Originally designated as third reserve for the 24-gymnast all-around final at this summer's London Olympic Games, Jimmy Verbaeys of Belgium optimized the opportunity he was given to compete after three qualified gymnasts above him declined to compete in the final. Verbaeys jumped into the competition, and bettered his qualification score by 1.667 points to finish credibly in 21st place.
Verbaeys's performance in London represented a big leap for the Belgian men, whose Olympic presence has been scarce. As only the second Belgian male gymnast to compete at the Olympic Games since 1960, Verbaeys earned the best Olympic all-around ranking for the Belgian men since 1948.
Born Aug. 26, 1993, in Uccle, Verbaeys lives in the city of Forest. He trains under coach Dirk Van Meldert at Blauwput Omnisport Leuven. Prior to the London Olympics, Verbaeys finished 93rd all-around in qualifications at the 2010 World Championships in Rotterdam, 37th all-around at the 2011 European championships in Berlin, and 67th all-around in qualifications at the 2011 World Championships in Tokyo. Earlier this year he was fifth on floor exercise at the FIG Challenger Cup in Doha.
In this IG Online interview, the candid Verbaeys recalls his surprising entry into the Olympic all-around final, and how he plans to continue proving himself a worthy all-around contender heading into the 2013 Worlds in Antwerp.
IG: Take us back to the moment in London when you saw that you were "only" third reserve for the all-around final. How did your performance in qualifications measure up to your expectations going into the competition?

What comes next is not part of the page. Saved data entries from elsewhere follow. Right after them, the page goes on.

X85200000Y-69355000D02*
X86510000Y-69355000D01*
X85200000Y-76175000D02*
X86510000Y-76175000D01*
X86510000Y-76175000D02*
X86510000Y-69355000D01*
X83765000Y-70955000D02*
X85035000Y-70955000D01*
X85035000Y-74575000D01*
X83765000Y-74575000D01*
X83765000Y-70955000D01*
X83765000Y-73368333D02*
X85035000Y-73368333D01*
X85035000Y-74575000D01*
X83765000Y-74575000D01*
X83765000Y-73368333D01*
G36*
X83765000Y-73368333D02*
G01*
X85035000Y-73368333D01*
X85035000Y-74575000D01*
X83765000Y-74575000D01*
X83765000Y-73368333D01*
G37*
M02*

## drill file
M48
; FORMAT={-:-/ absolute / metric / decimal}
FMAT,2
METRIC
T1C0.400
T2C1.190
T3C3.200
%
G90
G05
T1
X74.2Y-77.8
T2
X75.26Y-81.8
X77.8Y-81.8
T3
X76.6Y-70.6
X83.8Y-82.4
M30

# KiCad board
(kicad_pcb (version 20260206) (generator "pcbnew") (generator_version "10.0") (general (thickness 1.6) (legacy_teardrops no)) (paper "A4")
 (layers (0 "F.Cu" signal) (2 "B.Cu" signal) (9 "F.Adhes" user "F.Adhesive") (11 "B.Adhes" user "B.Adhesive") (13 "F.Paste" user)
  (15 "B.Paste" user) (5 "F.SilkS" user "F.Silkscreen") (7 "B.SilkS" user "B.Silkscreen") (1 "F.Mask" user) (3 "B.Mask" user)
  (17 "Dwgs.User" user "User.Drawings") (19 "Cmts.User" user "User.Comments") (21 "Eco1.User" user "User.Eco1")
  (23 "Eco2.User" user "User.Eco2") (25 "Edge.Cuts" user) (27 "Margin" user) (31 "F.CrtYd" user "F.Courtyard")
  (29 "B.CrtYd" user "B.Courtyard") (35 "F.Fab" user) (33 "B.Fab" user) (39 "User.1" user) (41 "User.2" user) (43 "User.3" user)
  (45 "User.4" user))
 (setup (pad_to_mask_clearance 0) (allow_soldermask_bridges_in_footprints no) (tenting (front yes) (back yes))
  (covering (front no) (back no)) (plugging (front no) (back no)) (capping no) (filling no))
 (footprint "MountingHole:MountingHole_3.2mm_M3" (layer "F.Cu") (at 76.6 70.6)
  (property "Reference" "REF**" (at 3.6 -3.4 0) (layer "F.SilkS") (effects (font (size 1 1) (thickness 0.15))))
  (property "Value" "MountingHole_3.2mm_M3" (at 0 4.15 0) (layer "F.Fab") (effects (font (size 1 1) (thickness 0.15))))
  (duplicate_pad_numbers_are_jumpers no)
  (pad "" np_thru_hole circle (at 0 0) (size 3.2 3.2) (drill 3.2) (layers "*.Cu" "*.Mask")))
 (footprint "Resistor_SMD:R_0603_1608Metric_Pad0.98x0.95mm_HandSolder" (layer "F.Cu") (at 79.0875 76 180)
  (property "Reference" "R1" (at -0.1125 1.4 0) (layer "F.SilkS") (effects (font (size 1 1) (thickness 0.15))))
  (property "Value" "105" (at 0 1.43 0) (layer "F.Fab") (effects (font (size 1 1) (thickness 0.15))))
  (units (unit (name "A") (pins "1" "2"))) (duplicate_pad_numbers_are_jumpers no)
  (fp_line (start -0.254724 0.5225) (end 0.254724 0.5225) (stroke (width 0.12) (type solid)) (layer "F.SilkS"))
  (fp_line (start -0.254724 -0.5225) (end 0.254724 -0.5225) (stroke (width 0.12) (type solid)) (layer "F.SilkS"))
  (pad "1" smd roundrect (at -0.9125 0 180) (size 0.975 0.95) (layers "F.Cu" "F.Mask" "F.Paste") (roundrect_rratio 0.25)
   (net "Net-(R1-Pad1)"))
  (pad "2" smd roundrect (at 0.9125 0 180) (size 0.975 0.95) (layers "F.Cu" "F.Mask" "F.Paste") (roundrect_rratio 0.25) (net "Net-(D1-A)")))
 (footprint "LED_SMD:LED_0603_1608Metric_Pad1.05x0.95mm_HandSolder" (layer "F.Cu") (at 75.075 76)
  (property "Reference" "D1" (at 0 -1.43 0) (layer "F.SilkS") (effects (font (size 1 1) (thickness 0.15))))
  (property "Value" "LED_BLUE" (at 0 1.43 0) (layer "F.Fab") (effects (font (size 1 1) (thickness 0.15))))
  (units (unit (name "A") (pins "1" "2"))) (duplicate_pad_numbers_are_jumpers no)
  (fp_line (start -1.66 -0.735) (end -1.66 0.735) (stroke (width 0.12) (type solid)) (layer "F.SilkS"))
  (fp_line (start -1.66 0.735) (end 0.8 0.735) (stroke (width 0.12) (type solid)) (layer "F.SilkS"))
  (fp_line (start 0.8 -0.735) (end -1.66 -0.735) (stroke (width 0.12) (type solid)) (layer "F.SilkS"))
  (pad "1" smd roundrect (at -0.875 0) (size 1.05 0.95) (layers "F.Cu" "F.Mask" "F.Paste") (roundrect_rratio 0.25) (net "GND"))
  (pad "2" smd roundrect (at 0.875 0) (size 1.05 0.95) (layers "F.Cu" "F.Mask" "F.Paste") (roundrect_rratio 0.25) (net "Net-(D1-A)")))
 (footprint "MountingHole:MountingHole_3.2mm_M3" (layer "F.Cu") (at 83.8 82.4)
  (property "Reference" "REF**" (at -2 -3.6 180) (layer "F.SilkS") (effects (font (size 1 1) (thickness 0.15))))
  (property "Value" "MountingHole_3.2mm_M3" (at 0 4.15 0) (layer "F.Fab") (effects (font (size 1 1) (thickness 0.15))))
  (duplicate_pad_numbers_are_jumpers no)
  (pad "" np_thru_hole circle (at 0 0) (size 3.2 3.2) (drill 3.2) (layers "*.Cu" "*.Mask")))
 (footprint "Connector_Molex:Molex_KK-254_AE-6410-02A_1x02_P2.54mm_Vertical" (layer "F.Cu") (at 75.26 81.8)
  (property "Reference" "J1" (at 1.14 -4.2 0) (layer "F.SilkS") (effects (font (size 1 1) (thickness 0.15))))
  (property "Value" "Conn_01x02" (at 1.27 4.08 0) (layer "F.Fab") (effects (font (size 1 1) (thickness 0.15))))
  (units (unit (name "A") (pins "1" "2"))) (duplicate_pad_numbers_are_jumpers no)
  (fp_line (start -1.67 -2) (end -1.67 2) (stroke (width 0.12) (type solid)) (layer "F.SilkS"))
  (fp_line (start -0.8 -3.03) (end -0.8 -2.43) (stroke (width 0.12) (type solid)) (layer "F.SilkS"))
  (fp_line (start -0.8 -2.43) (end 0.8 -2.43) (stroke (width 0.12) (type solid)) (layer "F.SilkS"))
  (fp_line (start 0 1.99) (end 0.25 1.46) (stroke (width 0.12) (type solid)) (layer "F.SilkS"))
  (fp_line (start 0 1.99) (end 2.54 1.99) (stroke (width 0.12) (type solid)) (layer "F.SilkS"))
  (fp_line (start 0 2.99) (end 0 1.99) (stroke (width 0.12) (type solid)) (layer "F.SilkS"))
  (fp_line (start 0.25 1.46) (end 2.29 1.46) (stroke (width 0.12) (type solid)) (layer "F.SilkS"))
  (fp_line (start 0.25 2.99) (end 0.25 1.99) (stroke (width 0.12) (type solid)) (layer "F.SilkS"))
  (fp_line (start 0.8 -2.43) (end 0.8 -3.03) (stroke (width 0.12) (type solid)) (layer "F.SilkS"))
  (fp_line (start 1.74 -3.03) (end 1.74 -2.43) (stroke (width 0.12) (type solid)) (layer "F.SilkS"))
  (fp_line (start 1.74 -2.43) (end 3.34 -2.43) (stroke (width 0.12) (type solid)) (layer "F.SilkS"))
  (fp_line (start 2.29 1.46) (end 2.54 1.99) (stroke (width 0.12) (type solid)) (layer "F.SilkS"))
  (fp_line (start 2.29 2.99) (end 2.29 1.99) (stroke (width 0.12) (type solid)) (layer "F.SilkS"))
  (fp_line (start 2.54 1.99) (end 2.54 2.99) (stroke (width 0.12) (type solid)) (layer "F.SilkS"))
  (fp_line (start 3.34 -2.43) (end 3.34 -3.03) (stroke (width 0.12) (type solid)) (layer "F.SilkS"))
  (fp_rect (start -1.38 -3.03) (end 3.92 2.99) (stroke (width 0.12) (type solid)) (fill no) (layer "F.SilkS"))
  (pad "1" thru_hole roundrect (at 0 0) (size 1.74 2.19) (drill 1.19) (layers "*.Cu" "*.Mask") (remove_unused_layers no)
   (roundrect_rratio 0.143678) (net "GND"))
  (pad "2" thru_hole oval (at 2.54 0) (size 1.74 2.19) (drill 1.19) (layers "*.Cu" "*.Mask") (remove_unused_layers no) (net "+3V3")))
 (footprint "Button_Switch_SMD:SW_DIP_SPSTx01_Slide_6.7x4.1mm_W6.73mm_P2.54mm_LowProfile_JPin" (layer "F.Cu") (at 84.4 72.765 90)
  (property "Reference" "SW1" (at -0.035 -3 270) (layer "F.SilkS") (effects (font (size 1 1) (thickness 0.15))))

JV: I was really relaxed before my qualification, because for me, I was at the Olympics just for the experience and I didn’t think I could make a final. My qualification went really well. I did my first five events almost perfectly but on the last event, pommel horse, things went wrong. I fell twice and lost my dismount, so I lost points. But I was happy about my competition, so I didn’t have any regrets, even my big mistake on pommel horse.
IG: Now take us back to the moment when you learned that you would indeed be competing in the all-around final. Where were you, and who told you the news? How did you react to the news?
JV: I heard the news on the bus going back to the Village. I had just watched the women’s team final. My coach was somewhere to hear if they were gymnasts that said no for the all-around final, and he called me and said, "Jimmy, you’re in!" I Said, "What?!" And he said, "Well, do you want to?" and I immediately said, "Yes!"
Verbaeys celebrates a hit routine at the 2012 Olympics in London
IG: You did not have much time to prepare for the all-around final, so how did you quickly get back into "competition" mindset?
JV: Indeed, I didn’t train after my qualification, and I heard the news that I could do the all-around final the day before, so I didn’t train for about three days. Normally we train almost every day, so it was a little bit scary to do the final without having trained in three days, so in the warm-up gym my coach asked if there was still a training session. They said no, but he explained my situation so they said OK. I trained for an hour and a half, and after this little training, I felt ready for the final because I was in my best shape ever.
IG: Looking back at your performance in the all-around final, what was most satisfying and what was least satisfying for you?
JV: My most satisfying is my result that I made. It was my best ever in competition. Least satisfying was my fall on high bar. I don’t really care about the fall, but just because of the fall, I didn’t make the "perfect competition."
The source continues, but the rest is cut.